TASK REQUIREMENTS: From the listing below, pull out every line where the string "generator" appears.

BEGIN DATA FOR THIS EXERCISE

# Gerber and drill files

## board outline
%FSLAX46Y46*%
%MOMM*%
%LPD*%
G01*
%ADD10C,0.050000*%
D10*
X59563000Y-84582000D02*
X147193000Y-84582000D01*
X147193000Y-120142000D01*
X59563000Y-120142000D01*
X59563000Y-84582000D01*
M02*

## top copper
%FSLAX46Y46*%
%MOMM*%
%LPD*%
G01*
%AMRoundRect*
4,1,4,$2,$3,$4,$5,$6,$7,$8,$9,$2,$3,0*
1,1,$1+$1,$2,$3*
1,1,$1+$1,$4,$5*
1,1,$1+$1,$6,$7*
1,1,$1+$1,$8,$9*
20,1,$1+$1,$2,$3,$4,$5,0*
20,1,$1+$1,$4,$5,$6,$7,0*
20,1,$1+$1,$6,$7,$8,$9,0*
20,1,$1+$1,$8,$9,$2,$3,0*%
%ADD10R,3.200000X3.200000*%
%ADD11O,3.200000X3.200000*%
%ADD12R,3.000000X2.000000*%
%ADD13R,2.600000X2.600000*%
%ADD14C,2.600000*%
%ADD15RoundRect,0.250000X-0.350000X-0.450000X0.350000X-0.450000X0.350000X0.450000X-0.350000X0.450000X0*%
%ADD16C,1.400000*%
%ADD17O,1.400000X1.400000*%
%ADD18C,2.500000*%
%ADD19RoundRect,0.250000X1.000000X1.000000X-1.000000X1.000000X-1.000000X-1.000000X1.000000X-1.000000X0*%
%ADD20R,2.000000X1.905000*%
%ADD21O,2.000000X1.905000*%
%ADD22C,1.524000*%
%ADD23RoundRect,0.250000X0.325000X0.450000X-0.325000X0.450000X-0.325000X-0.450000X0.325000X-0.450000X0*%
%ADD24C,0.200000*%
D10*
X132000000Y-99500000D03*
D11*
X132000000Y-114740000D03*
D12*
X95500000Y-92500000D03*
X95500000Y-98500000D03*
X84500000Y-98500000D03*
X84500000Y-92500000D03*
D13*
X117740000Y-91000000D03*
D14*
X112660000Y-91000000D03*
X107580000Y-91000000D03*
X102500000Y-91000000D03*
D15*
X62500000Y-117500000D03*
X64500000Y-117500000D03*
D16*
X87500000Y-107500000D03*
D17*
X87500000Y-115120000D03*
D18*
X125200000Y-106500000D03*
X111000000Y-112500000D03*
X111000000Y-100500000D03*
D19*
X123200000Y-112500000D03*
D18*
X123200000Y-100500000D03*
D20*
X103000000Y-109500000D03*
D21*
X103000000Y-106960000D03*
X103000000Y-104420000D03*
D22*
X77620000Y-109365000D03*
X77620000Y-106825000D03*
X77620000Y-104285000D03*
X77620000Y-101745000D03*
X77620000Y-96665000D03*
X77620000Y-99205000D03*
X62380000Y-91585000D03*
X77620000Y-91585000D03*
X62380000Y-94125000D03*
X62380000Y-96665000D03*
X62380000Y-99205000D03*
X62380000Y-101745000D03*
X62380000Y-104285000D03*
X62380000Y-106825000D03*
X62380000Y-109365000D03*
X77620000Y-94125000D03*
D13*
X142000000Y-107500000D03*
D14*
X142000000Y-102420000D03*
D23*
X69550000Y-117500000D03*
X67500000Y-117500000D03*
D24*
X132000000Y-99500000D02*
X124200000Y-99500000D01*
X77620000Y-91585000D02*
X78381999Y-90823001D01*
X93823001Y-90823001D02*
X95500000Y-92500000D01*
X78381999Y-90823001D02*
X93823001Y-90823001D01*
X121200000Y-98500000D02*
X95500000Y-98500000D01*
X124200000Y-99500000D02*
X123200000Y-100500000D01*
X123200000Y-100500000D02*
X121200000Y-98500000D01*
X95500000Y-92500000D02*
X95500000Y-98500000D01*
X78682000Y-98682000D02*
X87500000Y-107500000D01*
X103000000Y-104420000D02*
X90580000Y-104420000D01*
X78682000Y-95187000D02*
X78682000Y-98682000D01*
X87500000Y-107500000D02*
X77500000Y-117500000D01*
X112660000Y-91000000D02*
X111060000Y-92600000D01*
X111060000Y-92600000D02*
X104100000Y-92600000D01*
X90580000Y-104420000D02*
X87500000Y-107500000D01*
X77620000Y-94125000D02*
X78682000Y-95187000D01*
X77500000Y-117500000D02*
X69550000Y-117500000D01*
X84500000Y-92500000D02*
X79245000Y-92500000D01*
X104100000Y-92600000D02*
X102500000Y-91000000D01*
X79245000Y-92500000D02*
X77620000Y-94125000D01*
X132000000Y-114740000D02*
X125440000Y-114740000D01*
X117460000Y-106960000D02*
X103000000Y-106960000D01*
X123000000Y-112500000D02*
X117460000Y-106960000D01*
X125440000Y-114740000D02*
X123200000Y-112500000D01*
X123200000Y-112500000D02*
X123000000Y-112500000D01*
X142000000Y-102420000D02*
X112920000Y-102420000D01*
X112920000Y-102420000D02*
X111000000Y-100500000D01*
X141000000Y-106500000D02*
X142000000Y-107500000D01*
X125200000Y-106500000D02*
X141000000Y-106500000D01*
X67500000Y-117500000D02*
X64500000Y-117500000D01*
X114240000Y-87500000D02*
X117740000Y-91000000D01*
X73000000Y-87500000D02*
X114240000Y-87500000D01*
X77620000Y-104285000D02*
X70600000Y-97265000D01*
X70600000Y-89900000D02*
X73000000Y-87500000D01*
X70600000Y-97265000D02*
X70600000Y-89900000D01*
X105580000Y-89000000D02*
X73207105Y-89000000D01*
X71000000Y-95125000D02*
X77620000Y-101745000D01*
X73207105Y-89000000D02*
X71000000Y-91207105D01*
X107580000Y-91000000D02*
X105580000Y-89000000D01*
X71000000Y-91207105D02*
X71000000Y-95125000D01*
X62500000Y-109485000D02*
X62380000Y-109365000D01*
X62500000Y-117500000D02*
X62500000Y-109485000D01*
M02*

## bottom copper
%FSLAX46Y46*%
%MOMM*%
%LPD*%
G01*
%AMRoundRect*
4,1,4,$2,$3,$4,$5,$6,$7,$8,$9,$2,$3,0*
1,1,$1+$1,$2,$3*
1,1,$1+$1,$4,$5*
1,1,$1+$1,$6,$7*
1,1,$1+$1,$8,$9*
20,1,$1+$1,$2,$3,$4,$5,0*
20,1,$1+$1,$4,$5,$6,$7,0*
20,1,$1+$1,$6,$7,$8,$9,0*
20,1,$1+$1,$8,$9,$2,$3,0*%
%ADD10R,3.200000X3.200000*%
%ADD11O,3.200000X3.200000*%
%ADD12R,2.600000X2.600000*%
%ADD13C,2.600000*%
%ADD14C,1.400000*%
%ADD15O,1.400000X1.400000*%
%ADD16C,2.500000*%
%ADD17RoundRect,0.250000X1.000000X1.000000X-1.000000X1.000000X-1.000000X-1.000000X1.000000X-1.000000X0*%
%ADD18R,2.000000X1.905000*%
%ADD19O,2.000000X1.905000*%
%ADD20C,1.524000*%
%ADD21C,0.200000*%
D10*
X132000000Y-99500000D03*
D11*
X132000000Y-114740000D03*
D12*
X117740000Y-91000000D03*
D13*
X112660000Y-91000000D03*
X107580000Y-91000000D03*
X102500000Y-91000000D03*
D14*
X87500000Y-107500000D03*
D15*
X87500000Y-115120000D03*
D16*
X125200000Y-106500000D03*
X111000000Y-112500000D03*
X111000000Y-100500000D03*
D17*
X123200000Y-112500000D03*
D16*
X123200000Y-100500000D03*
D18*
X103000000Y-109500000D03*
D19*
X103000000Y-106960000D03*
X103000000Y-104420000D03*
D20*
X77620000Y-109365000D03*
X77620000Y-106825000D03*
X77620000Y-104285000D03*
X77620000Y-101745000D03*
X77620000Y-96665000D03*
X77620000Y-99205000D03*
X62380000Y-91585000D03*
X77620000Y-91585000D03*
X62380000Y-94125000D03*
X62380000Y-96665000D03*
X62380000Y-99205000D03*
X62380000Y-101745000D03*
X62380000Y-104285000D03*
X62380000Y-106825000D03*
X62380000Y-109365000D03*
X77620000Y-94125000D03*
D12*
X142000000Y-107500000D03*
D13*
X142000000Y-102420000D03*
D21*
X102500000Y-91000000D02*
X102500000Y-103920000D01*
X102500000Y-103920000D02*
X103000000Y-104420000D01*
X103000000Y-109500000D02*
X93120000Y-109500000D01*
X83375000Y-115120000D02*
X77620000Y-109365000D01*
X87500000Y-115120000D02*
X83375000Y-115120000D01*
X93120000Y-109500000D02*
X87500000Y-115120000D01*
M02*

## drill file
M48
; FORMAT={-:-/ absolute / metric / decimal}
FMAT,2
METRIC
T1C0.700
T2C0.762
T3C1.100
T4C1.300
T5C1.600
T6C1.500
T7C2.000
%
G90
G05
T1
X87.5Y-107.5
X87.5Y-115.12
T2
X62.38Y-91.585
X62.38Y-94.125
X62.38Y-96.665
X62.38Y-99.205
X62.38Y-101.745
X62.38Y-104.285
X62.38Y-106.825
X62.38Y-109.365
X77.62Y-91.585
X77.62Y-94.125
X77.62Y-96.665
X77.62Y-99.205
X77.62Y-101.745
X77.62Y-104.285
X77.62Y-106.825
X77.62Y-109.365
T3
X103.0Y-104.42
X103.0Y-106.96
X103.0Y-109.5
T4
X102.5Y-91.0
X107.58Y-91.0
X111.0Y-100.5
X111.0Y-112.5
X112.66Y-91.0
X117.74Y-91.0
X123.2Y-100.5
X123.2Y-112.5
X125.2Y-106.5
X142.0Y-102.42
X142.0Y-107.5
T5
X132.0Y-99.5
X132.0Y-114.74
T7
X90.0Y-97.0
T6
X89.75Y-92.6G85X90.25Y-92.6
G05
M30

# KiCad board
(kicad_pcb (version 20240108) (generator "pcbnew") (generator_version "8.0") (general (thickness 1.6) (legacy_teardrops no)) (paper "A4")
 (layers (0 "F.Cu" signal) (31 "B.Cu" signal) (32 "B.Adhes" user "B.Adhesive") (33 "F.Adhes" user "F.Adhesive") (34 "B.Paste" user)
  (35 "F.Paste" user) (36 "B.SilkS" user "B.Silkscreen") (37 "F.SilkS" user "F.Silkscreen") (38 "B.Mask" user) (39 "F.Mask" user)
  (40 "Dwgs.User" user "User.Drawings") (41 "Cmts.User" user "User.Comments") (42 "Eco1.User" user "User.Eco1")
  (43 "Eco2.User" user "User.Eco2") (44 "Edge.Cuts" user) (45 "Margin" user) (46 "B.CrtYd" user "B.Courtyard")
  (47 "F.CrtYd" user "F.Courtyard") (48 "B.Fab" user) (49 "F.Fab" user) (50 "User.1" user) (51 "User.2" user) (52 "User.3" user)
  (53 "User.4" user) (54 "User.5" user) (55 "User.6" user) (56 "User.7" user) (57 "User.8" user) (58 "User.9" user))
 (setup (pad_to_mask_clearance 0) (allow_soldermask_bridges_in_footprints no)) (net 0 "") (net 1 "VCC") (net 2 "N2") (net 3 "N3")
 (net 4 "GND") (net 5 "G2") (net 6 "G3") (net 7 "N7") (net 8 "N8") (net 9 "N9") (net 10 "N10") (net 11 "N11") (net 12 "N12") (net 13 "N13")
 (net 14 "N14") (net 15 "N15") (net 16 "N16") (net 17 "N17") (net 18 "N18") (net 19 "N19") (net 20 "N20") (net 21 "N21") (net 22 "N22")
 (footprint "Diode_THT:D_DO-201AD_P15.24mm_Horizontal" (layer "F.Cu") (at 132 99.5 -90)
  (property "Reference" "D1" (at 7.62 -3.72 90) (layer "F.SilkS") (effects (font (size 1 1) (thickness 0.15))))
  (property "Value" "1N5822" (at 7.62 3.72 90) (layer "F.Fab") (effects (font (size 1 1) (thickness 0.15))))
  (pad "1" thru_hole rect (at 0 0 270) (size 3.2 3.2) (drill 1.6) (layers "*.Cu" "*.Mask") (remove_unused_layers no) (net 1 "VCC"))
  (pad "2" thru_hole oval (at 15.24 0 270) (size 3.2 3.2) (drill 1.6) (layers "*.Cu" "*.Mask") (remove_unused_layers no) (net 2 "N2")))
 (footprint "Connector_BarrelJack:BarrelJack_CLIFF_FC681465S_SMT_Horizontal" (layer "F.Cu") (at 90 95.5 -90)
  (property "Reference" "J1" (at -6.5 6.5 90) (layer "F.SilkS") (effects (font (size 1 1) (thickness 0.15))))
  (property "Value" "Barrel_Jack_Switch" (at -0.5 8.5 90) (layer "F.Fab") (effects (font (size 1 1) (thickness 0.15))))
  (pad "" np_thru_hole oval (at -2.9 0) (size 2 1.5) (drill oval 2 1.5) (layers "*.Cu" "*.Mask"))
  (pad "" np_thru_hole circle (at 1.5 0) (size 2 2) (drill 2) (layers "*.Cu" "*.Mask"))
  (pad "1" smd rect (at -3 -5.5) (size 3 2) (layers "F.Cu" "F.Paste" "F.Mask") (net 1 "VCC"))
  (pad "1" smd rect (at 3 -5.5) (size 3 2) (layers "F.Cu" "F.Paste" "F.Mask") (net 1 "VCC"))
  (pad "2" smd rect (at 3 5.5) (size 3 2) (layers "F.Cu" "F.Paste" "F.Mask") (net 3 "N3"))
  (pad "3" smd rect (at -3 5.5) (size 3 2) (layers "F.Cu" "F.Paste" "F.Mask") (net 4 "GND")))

END DATA FOR THIS EXERCISE
BEGIN DATA FOR THIS EXERCISE

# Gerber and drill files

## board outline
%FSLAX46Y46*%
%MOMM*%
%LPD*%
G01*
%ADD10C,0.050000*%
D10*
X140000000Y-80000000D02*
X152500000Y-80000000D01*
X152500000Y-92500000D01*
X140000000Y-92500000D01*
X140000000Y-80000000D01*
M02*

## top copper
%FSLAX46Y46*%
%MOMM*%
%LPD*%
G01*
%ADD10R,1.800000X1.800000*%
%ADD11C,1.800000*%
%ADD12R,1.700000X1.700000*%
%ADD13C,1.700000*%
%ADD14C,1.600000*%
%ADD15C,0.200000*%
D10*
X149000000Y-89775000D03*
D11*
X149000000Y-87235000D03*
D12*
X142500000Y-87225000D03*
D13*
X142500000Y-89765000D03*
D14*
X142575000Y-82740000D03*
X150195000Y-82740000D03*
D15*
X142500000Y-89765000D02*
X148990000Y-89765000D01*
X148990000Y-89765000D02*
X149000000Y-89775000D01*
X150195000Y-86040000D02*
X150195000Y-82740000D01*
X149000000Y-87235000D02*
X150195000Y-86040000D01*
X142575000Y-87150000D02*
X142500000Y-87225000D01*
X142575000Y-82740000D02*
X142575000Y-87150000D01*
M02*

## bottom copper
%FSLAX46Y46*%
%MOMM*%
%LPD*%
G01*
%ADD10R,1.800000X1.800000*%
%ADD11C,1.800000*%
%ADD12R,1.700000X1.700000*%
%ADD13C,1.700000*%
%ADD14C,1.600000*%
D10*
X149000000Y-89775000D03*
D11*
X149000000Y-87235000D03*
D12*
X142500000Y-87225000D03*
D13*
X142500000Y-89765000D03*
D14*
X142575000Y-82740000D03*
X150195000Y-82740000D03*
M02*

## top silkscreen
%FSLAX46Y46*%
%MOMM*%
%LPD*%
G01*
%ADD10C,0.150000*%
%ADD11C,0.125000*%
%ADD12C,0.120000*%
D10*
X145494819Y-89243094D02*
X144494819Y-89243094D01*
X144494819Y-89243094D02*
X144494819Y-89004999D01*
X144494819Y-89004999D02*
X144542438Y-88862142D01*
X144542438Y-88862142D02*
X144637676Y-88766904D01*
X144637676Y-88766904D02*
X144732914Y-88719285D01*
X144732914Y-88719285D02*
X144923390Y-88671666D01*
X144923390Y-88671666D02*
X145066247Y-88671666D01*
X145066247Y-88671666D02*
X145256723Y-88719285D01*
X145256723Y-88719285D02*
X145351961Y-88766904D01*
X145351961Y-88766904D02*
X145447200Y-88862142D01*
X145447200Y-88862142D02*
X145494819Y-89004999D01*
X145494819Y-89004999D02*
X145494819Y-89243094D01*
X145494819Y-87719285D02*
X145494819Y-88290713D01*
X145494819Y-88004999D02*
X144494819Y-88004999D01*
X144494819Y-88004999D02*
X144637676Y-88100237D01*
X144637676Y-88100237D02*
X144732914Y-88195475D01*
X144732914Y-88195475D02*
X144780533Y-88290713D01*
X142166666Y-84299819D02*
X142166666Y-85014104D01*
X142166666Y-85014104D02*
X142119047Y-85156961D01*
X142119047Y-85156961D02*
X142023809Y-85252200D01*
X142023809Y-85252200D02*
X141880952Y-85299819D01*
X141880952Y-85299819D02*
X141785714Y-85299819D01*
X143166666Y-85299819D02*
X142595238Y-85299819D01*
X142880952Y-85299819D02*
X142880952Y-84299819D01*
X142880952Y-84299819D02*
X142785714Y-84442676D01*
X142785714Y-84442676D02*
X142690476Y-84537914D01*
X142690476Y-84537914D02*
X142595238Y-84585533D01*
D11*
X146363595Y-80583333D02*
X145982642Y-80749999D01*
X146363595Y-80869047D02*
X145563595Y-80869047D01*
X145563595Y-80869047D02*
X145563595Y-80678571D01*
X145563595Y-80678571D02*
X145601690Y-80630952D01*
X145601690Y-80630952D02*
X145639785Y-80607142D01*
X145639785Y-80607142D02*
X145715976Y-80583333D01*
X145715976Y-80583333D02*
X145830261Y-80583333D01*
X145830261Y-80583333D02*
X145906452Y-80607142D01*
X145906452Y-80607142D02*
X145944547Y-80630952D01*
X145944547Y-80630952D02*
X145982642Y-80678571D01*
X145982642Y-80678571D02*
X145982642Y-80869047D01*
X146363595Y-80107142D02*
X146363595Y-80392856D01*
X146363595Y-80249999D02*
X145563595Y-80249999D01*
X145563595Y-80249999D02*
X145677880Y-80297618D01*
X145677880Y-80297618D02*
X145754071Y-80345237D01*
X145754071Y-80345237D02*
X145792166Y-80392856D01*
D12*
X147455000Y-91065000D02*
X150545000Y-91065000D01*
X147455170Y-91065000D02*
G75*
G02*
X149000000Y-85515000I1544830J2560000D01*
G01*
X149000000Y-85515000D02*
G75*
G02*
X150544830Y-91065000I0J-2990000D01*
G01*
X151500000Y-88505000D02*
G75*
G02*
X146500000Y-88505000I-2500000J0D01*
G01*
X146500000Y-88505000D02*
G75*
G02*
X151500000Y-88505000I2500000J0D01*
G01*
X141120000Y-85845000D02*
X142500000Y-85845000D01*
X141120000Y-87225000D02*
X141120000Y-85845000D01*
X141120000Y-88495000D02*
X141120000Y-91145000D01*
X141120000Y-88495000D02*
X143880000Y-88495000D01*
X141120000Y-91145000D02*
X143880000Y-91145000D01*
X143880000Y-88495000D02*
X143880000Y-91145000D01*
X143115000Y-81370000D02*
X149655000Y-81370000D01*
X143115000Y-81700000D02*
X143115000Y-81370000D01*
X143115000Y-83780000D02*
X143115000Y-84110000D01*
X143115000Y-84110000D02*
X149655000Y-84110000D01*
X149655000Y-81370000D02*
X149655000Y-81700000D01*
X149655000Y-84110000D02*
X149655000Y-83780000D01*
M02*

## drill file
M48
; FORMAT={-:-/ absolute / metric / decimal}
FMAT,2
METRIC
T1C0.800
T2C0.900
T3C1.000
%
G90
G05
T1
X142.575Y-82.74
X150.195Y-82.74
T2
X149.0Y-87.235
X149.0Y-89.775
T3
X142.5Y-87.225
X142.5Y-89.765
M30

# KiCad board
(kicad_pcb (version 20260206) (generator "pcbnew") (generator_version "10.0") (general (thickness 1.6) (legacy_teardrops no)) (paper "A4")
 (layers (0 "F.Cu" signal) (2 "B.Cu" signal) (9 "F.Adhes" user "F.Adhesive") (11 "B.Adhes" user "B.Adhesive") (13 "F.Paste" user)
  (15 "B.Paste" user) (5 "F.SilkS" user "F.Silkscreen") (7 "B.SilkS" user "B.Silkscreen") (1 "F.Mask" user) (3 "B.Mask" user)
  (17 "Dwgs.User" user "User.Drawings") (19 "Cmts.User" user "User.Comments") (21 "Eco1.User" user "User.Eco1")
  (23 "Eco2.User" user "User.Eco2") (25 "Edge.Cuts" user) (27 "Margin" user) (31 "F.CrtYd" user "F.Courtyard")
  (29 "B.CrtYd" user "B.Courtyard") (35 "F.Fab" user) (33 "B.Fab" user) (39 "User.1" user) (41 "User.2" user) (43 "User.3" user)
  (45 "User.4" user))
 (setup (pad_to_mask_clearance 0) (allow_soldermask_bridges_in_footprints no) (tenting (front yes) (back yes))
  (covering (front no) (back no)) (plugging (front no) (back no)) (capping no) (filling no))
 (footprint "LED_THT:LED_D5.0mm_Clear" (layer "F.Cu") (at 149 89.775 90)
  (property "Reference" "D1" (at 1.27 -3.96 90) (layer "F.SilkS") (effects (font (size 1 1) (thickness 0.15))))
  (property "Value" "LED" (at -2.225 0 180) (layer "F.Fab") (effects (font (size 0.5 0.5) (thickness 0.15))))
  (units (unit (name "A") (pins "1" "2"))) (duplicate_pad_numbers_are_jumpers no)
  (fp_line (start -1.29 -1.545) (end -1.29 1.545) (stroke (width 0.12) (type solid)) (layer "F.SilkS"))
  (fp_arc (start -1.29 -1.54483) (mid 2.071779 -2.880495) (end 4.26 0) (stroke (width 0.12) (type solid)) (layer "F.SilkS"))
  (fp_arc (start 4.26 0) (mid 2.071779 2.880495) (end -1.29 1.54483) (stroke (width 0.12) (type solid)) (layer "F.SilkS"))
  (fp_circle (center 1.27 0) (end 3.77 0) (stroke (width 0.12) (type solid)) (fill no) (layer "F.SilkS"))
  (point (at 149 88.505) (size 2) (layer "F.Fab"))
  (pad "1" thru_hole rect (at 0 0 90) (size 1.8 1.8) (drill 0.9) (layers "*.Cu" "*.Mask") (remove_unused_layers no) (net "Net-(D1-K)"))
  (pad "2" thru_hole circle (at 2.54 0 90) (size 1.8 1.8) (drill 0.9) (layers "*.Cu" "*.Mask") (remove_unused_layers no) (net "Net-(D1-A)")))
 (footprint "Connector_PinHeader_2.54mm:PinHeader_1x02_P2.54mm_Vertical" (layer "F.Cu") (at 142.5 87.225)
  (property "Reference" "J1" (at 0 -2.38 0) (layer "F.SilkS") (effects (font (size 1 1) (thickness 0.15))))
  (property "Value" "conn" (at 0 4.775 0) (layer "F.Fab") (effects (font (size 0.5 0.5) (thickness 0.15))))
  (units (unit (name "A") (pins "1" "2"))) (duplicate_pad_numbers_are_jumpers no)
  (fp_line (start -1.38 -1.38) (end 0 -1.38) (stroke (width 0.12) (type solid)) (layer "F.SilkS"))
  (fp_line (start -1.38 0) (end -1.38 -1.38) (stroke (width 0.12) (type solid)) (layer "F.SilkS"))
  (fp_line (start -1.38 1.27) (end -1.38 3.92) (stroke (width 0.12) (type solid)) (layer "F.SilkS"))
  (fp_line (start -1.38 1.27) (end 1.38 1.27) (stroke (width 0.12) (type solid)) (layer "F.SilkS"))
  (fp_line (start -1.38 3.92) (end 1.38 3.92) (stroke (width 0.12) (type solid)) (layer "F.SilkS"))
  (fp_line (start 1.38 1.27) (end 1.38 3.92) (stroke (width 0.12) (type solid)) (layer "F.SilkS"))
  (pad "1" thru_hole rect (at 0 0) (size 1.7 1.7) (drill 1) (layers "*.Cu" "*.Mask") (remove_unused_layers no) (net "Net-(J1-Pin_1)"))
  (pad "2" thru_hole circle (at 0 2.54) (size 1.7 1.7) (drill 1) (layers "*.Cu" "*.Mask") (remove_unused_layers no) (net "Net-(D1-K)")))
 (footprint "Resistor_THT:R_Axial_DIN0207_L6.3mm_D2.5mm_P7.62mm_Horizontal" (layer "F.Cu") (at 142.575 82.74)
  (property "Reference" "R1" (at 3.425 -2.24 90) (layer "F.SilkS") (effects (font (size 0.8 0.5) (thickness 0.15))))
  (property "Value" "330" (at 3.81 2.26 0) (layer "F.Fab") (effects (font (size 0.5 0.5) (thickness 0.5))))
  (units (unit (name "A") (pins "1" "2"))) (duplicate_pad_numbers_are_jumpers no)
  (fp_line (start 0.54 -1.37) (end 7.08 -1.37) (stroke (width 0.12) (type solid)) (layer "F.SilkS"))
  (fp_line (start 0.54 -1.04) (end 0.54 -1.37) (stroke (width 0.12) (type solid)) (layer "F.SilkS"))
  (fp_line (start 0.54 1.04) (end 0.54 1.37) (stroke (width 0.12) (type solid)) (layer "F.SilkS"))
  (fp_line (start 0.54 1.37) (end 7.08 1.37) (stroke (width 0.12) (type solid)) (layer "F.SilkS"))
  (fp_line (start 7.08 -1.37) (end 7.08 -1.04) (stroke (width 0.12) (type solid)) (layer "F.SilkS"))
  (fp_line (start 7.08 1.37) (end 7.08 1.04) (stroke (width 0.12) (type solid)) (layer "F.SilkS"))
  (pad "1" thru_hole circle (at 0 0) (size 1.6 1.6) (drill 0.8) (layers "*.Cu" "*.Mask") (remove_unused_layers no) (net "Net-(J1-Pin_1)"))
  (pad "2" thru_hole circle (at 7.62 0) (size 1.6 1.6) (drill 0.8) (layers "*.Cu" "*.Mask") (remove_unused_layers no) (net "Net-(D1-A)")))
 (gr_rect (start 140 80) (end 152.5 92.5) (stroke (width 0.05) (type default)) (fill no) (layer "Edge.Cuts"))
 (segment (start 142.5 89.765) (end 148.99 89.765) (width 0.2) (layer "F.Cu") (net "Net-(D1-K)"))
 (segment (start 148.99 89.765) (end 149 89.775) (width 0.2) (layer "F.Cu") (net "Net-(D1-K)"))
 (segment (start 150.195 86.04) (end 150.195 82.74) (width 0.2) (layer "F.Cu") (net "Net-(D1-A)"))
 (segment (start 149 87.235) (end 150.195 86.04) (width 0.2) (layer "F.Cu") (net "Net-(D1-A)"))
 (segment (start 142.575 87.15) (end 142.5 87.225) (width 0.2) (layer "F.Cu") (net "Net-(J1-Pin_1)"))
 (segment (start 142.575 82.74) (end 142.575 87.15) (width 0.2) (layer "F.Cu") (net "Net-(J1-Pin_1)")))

END DATA FOR THIS EXERCISE

SOLUTION FOR THIS TASK:
(kicad_pcb (version 20240108) (generator "pcbnew") (generator_version "8.0") (general (thickness 1.6) (legacy_teardrops no)) (paper "A4")
(kicad_pcb (version 20260206) (generator "pcbnew") (generator_version "10.0") (general (thickness 1.6) (legacy_teardrops no)) (paper "A4")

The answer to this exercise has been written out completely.